PROVIDED DATA =
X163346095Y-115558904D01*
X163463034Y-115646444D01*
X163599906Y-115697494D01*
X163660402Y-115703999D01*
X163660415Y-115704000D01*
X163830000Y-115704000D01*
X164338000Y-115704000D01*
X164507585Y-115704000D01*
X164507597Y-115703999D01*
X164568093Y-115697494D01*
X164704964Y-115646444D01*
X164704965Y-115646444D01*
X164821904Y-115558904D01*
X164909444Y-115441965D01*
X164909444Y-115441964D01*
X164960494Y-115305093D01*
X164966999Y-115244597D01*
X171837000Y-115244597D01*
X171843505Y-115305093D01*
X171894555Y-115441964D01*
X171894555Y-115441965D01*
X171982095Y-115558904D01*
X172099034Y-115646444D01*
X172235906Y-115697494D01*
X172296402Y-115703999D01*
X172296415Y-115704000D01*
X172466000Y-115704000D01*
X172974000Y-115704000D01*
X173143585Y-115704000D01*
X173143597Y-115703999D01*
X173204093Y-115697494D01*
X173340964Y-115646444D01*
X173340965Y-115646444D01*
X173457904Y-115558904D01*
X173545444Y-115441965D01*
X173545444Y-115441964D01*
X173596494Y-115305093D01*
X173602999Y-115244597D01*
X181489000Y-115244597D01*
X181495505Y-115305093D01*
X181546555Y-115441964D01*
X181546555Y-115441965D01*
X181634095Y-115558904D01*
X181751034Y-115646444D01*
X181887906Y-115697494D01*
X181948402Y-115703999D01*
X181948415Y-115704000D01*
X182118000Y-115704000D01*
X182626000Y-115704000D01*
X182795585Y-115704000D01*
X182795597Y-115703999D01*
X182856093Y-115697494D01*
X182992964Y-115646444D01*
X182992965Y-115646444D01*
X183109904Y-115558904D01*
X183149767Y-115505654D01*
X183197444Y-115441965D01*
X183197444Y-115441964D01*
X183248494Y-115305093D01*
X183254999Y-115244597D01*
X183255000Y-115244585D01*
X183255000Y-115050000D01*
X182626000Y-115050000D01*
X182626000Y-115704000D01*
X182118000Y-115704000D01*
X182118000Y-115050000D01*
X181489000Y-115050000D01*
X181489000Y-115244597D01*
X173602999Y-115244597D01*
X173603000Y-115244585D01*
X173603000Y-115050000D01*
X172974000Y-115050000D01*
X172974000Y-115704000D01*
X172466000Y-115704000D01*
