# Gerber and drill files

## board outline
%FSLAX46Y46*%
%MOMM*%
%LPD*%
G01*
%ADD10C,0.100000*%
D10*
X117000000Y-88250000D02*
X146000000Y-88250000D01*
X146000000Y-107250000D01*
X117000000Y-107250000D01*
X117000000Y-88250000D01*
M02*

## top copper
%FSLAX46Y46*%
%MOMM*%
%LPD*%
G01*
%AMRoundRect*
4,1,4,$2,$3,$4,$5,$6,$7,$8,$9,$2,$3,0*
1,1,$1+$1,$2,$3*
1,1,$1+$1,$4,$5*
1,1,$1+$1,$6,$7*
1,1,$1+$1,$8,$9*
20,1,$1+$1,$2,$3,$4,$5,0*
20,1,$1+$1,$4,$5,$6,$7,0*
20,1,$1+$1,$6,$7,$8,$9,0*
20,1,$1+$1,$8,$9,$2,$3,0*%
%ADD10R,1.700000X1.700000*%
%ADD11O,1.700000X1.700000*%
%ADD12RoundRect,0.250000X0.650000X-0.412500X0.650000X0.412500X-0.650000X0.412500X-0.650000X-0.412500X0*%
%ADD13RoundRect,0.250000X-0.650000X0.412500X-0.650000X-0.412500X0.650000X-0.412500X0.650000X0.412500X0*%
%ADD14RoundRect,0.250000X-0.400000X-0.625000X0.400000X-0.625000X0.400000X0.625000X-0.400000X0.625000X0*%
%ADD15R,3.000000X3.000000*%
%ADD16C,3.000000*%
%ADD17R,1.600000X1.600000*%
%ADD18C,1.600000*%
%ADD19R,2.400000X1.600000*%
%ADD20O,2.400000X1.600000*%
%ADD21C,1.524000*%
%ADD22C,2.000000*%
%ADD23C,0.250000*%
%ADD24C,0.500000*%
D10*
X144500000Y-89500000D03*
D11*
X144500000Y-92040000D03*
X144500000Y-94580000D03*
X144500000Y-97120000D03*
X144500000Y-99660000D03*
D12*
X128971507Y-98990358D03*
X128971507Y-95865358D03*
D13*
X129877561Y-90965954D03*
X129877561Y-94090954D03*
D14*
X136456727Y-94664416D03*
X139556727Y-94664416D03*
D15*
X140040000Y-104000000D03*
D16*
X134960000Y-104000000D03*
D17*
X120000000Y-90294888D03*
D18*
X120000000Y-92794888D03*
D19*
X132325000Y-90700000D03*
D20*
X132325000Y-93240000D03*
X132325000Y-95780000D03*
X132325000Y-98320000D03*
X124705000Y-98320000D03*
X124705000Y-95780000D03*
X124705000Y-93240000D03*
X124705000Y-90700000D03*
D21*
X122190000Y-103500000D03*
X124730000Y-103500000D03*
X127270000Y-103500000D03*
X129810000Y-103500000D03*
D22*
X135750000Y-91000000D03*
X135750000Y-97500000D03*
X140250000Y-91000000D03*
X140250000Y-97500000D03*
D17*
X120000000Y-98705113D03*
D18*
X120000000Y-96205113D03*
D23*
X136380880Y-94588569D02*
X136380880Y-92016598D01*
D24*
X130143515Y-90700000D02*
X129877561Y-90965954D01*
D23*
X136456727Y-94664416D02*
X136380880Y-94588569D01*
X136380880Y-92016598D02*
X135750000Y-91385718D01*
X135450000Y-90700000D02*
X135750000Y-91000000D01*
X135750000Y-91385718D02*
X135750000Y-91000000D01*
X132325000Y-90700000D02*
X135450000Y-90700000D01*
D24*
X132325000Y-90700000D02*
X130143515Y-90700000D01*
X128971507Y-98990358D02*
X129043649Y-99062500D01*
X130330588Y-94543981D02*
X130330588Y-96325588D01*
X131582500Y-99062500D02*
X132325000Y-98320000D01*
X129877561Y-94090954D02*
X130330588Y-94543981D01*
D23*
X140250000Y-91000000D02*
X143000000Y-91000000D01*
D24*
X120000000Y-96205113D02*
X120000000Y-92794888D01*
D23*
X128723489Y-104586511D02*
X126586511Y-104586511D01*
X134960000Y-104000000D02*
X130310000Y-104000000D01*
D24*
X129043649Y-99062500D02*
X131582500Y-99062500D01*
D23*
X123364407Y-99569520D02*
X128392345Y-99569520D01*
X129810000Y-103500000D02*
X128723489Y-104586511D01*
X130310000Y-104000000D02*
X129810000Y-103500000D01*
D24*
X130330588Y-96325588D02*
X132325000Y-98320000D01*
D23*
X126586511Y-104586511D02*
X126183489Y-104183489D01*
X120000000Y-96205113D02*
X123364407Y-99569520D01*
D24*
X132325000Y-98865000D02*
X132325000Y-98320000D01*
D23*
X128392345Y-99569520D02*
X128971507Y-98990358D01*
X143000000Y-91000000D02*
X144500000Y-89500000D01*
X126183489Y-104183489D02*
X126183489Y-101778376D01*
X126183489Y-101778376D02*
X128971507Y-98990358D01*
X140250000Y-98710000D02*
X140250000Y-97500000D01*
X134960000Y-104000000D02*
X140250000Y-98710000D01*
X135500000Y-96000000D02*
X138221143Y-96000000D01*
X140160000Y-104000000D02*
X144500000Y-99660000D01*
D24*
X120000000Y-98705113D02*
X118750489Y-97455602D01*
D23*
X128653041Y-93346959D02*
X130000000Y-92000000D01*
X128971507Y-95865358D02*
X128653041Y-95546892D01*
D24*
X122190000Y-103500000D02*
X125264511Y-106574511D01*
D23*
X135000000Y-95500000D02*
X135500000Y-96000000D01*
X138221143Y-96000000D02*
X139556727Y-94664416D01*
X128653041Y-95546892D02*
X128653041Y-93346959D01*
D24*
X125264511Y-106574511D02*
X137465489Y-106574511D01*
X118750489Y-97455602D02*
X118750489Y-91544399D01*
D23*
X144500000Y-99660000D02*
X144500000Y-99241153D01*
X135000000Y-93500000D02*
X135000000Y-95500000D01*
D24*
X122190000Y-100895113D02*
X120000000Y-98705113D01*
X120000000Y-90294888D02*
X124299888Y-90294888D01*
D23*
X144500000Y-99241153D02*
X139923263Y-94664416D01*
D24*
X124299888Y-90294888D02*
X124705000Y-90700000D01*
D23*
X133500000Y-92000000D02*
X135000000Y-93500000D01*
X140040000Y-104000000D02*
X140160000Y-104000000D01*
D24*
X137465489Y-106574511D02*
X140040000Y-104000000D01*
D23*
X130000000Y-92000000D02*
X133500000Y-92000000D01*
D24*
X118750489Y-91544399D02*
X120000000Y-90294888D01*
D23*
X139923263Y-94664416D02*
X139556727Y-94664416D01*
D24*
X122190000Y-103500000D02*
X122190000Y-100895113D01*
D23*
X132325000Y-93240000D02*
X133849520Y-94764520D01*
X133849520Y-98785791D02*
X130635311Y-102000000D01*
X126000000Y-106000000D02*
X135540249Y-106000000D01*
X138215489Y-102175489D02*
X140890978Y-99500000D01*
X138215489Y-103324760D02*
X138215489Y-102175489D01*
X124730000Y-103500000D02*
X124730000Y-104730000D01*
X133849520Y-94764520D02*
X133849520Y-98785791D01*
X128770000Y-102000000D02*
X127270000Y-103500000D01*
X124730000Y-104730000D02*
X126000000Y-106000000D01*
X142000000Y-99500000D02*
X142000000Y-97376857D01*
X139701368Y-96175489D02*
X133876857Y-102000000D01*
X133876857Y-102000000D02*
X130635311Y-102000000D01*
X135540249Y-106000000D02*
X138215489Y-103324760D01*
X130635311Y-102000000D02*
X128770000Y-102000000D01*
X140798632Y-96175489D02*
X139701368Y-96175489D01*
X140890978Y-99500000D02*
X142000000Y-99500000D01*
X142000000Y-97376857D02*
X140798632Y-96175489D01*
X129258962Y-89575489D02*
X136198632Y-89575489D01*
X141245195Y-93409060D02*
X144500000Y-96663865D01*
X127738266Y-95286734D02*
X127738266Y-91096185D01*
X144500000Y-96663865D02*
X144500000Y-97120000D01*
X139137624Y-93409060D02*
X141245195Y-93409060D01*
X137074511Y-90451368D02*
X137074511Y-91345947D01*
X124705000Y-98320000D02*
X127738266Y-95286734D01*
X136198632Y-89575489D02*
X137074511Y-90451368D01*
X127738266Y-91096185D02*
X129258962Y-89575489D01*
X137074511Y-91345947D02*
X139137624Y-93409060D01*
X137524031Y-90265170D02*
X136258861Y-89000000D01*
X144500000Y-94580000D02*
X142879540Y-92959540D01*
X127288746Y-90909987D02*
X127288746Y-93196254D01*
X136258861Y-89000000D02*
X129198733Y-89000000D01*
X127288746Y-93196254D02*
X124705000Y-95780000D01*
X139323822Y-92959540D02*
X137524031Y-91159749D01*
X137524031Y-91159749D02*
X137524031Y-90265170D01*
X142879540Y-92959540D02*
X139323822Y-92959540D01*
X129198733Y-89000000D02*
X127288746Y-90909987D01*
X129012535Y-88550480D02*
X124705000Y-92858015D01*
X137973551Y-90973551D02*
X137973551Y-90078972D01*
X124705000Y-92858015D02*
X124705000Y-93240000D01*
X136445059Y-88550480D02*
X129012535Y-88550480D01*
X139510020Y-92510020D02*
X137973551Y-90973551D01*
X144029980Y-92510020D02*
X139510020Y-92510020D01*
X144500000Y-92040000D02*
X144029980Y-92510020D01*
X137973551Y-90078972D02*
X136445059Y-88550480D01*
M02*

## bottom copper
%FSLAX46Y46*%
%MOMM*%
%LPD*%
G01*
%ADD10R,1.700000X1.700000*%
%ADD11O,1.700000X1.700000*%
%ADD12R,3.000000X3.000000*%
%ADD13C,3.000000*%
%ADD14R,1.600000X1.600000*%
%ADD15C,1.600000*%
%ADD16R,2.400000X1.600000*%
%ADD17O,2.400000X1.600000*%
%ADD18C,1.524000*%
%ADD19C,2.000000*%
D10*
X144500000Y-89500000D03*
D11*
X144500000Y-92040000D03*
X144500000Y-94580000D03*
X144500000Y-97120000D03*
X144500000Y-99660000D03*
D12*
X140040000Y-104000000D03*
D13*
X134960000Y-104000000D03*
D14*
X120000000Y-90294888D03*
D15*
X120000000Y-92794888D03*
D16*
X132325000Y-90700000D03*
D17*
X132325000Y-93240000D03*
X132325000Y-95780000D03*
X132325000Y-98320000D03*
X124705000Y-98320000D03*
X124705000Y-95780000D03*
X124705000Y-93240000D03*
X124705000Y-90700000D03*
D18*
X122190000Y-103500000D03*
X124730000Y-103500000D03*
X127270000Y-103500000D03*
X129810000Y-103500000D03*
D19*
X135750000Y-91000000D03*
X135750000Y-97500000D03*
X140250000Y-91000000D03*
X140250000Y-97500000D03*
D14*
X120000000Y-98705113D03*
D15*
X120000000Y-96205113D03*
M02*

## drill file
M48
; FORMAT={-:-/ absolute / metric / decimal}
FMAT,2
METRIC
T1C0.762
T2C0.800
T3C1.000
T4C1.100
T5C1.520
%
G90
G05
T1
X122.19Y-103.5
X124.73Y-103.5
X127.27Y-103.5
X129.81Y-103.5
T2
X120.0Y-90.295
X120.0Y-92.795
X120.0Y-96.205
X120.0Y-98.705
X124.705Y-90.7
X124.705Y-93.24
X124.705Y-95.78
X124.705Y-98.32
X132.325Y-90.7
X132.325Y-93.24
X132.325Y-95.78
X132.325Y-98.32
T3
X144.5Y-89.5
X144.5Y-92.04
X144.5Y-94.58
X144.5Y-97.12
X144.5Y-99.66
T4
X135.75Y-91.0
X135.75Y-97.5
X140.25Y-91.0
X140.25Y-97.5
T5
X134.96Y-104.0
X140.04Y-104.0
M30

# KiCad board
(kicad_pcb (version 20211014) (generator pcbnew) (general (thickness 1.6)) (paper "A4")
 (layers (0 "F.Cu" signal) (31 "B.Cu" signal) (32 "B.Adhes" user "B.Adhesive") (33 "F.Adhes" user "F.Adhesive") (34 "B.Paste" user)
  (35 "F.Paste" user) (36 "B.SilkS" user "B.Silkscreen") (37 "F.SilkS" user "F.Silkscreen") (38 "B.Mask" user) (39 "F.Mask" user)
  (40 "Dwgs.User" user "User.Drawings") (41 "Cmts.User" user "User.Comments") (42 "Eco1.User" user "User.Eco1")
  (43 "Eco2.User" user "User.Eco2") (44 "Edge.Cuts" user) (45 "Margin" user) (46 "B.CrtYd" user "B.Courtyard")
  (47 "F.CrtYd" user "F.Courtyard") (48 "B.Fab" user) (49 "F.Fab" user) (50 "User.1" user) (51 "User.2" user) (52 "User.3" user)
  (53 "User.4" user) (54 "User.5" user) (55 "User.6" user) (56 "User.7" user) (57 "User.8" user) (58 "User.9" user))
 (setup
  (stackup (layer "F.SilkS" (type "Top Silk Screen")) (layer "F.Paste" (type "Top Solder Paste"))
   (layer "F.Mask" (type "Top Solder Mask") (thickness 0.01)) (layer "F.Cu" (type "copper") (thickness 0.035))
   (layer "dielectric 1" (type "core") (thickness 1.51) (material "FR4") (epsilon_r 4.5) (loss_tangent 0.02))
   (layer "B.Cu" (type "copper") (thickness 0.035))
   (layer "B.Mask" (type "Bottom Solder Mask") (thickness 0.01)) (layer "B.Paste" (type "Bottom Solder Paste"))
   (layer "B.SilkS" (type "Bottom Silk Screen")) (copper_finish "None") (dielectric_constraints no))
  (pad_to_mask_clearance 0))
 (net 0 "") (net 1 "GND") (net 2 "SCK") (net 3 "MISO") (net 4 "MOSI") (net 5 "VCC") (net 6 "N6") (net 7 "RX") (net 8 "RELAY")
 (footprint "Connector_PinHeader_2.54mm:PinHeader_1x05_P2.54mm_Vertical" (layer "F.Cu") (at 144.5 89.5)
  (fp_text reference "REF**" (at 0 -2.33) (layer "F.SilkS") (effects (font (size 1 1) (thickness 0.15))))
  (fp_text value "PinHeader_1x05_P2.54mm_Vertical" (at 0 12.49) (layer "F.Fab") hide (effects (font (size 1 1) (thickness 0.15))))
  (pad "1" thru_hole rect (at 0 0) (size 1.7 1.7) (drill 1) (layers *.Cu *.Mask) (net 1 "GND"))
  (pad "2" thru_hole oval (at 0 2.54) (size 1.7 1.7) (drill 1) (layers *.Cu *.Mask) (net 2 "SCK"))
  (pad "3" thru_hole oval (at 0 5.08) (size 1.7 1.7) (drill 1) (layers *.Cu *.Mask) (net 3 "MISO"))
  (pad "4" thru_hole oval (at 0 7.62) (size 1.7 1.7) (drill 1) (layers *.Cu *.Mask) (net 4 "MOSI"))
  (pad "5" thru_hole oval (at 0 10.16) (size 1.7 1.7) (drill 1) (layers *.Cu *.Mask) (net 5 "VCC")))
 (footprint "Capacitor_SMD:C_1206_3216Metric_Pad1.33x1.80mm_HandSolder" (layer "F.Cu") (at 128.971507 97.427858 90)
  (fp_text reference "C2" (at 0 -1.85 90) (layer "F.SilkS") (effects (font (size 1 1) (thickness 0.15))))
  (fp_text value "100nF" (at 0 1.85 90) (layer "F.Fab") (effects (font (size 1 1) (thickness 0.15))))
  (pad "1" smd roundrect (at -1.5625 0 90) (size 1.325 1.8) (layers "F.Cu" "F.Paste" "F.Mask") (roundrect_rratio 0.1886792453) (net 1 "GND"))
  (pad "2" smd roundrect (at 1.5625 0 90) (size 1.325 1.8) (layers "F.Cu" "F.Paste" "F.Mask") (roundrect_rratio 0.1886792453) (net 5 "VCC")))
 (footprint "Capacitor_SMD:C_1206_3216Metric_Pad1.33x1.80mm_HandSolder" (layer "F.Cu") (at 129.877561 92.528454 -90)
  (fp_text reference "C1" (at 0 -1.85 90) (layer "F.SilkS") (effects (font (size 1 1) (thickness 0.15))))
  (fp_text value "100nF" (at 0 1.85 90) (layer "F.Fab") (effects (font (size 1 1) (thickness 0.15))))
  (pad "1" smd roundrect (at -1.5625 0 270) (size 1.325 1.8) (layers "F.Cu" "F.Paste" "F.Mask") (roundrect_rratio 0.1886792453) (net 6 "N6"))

---

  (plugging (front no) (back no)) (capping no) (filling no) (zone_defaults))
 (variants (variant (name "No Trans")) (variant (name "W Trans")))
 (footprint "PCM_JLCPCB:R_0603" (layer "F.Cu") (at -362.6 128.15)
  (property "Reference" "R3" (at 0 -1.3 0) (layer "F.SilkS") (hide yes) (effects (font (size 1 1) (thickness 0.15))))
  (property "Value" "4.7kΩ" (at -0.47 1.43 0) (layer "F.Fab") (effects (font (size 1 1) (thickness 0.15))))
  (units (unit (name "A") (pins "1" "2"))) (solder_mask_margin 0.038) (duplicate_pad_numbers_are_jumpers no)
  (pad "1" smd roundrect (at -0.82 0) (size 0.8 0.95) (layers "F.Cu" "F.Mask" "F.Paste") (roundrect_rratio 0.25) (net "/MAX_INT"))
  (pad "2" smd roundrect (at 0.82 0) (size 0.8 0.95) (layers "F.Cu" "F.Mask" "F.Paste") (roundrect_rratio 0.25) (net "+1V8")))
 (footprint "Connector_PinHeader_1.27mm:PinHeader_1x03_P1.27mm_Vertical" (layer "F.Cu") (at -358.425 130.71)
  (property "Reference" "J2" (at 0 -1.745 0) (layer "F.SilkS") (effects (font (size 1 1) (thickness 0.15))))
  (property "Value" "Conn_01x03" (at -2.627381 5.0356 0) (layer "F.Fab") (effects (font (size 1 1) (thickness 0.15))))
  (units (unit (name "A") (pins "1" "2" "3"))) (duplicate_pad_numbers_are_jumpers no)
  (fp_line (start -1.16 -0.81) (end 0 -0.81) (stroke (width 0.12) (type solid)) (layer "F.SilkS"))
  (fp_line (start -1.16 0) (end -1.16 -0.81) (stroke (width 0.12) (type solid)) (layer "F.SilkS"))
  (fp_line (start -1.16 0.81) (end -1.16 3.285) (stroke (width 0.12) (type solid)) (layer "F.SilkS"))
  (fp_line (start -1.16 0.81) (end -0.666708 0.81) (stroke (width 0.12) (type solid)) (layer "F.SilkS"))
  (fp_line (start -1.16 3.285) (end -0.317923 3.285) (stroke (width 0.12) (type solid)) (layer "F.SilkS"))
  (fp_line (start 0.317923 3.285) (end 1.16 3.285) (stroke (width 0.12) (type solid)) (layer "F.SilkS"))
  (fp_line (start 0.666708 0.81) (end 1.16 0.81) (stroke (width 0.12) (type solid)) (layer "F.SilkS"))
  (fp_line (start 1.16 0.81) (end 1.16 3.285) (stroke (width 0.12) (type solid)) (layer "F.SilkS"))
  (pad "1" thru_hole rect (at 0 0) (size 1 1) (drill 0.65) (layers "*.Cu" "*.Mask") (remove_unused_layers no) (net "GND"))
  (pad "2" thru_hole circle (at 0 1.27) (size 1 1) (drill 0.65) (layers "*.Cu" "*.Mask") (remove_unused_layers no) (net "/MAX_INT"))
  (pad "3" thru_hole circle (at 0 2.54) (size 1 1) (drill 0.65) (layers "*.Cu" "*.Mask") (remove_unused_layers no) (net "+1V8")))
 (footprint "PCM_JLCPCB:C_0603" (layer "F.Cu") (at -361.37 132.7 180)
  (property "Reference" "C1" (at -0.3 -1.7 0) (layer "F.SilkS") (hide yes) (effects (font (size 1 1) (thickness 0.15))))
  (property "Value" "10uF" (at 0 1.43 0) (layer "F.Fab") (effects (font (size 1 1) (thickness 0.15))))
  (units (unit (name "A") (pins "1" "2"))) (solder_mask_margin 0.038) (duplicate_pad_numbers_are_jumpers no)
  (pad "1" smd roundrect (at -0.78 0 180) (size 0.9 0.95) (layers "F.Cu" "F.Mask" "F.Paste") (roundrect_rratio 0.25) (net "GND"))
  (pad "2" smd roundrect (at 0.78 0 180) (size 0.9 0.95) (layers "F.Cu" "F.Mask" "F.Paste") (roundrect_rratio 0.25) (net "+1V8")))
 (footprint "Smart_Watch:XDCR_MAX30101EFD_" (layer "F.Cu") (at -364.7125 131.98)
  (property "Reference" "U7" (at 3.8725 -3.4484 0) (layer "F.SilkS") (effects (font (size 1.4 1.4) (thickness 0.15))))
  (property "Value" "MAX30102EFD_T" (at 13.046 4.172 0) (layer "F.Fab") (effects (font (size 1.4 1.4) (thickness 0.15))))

INSTRUCTIONS TO FOLLOW = Only the count belongs in your answer, so please work out how many lines of the data contain "stroke".

WORKED SOLUTION = 8